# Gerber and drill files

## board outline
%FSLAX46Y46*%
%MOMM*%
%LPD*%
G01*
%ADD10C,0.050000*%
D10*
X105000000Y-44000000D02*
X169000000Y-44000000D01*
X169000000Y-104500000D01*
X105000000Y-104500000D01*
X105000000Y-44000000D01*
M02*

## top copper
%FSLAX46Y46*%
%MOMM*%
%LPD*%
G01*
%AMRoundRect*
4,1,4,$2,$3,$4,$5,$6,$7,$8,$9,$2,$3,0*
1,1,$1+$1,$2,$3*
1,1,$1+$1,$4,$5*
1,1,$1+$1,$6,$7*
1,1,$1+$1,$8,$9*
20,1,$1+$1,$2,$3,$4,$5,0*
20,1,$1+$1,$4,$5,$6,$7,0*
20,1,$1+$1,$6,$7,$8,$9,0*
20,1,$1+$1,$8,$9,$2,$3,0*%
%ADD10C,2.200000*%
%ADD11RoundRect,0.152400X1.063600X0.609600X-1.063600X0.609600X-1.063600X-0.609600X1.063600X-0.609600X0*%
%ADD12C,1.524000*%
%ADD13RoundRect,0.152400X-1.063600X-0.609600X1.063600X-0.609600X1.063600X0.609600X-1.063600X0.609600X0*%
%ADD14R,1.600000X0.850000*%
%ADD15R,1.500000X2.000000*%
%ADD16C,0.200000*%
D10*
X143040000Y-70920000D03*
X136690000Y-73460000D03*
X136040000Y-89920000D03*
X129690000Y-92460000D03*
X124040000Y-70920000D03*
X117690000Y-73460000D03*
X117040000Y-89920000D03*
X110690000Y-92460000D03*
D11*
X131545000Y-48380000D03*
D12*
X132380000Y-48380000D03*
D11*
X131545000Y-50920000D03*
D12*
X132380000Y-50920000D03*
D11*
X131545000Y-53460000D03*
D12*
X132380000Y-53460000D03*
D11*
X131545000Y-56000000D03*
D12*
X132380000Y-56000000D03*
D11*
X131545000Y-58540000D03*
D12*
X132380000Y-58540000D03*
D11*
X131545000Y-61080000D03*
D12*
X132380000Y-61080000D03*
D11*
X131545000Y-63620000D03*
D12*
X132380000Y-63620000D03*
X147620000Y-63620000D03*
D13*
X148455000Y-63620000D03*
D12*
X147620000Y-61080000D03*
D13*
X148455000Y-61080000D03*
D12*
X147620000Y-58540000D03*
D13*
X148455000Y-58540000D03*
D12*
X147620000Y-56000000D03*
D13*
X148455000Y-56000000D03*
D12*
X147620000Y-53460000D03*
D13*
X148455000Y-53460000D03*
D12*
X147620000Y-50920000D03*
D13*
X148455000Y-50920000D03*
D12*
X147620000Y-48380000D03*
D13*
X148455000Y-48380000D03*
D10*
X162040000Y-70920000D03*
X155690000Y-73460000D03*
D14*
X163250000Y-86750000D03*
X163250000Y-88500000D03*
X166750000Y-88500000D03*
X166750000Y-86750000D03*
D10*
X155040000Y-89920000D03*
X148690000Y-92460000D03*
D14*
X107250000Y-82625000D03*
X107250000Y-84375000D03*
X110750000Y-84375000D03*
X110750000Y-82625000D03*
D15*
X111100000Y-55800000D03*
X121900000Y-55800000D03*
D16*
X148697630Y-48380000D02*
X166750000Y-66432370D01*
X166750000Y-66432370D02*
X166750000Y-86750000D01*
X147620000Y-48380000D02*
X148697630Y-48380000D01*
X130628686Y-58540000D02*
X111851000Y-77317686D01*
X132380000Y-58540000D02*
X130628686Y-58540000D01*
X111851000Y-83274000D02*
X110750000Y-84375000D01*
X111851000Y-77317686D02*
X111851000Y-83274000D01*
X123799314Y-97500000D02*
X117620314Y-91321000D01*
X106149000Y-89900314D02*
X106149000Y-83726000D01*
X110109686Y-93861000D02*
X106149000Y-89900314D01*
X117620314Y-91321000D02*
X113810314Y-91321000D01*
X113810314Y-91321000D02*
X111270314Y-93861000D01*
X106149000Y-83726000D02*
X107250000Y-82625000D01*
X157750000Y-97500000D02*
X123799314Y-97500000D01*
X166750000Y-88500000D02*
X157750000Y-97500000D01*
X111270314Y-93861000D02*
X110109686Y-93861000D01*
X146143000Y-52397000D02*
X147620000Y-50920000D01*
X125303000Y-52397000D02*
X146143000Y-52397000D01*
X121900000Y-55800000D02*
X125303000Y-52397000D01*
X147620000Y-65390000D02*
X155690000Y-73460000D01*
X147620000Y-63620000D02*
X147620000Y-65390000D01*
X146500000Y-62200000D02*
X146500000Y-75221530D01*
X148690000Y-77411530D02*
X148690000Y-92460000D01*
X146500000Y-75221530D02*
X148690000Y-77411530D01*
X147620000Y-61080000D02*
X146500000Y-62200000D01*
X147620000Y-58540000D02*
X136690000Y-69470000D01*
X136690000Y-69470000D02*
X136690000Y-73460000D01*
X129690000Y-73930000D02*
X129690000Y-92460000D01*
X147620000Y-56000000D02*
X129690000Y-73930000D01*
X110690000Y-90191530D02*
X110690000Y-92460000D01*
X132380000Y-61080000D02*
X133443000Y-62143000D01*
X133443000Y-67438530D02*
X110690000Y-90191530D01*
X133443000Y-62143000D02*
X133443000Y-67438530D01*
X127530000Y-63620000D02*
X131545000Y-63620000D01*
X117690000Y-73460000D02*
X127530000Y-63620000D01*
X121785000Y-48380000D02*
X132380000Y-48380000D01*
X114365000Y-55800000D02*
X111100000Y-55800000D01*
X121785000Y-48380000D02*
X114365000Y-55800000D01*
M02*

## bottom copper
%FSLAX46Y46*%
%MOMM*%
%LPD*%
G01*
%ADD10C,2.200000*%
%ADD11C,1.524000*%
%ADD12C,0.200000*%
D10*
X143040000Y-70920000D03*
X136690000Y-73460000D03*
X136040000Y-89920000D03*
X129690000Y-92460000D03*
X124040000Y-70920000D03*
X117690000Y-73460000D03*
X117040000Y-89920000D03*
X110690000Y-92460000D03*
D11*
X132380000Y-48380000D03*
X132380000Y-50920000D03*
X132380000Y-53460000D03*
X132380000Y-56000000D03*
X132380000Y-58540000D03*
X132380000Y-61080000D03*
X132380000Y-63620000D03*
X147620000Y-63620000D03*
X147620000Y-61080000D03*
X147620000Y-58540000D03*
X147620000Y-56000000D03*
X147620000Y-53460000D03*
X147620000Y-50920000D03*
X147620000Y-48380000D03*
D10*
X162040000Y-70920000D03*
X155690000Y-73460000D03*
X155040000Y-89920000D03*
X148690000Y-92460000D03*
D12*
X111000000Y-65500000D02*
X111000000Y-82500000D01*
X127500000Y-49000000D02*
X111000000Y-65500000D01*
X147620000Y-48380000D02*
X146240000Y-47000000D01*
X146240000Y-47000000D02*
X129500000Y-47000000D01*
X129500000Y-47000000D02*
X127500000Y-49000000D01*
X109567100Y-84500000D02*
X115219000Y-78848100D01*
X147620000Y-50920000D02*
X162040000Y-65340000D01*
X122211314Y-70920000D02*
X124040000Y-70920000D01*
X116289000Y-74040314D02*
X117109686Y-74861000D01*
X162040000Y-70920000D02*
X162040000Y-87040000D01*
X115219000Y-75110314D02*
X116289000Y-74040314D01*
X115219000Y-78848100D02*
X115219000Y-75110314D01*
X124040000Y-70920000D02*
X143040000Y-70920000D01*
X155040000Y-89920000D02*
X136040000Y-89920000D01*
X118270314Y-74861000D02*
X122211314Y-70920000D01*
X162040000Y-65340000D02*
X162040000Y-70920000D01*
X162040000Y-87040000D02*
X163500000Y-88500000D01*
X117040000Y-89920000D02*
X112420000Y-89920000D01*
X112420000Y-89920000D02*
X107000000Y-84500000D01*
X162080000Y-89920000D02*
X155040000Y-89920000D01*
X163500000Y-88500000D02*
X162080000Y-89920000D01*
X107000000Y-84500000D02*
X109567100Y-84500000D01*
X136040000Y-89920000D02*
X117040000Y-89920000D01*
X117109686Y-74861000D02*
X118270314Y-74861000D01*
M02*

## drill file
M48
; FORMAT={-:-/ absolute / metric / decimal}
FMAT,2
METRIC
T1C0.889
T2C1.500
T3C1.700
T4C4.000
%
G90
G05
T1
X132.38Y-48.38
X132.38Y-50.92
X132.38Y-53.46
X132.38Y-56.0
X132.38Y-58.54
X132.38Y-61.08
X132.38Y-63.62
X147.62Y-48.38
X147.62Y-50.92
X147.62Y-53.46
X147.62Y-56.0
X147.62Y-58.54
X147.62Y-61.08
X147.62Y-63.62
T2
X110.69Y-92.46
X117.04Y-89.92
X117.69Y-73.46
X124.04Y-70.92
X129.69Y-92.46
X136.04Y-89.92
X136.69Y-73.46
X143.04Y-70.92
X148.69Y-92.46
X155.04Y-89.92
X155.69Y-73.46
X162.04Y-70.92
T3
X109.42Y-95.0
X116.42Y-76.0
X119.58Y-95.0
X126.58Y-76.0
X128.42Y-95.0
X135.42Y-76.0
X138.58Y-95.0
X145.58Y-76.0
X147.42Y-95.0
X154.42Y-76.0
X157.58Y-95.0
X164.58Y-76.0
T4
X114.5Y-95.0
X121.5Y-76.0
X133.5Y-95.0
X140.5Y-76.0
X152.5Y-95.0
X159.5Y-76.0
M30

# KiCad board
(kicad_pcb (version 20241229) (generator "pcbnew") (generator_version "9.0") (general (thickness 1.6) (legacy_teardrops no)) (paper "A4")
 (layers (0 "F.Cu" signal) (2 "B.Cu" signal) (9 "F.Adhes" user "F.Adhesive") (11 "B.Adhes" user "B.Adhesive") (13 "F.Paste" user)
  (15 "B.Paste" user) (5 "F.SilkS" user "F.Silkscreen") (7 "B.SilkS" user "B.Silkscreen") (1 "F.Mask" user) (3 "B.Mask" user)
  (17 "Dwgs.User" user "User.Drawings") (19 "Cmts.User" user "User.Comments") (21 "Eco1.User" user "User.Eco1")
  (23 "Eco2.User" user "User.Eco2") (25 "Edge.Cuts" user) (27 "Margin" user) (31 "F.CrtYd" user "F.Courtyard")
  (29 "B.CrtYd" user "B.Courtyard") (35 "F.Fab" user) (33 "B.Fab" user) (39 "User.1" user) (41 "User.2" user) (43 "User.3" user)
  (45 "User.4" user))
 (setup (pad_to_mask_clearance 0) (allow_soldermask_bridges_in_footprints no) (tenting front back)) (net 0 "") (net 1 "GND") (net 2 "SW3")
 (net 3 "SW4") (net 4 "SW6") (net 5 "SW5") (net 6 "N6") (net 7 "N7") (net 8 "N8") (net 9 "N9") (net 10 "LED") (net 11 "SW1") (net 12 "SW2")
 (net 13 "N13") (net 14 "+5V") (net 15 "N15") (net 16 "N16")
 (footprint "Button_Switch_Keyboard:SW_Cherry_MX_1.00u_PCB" (layer "F.Cu") (at 143.04 70.92)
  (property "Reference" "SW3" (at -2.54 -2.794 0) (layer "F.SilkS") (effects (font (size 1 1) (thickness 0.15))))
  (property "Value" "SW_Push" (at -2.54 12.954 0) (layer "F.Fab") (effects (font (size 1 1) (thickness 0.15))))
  (pad "" np_thru_hole circle (at -7.62 5.08) (size 1.7 1.7) (drill 1.7) (layers "*.Cu" "*.Mask"))
  (pad "" np_thru_hole circle (at -2.54 5.08) (size 4 4) (drill 4) (layers "*.Cu" "*.Mask"))
  (pad "" np_thru_hole circle (at 2.54 5.08) (size 1.7 1.7) (drill 1.7) (layers "*.Cu" "*.Mask"))
  (pad "1" thru_hole circle (at 0 0) (size 2.2 2.2) (drill 1.5) (layers "*.Cu" "*.Mask") (remove_unused_layers no) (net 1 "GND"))
  (pad "2" thru_hole circle (at -6.35 2.54) (size 2.2 2.2) (drill 1.5) (layers "*.Cu" "*.Mask") (remove_unused_layers no) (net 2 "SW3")))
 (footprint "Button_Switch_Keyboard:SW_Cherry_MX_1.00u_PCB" (layer "F.Cu") (at 136.04 89.92)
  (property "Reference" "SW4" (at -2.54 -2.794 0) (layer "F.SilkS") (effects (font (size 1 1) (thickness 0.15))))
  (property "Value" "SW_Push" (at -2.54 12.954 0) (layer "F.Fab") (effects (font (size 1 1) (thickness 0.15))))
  (pad "" np_thru_hole circle (at -7.62 5.08) (size 1.7 1.7) (drill 1.7) (layers "*.Cu" "*.Mask"))
  (pad "" np_thru_hole circle (at -2.54 5.08) (size 4 4) (drill 4) (layers "*.Cu" "*.Mask"))
  (pad "" np_thru_hole circle (at 2.54 5.08) (size 1.7 1.7) (drill 1.7) (layers "*.Cu" "*.Mask"))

Task to carry out — Find the lines in the material above that include the string "CrtYd", and state how many there are without any other text.

Task answer — 2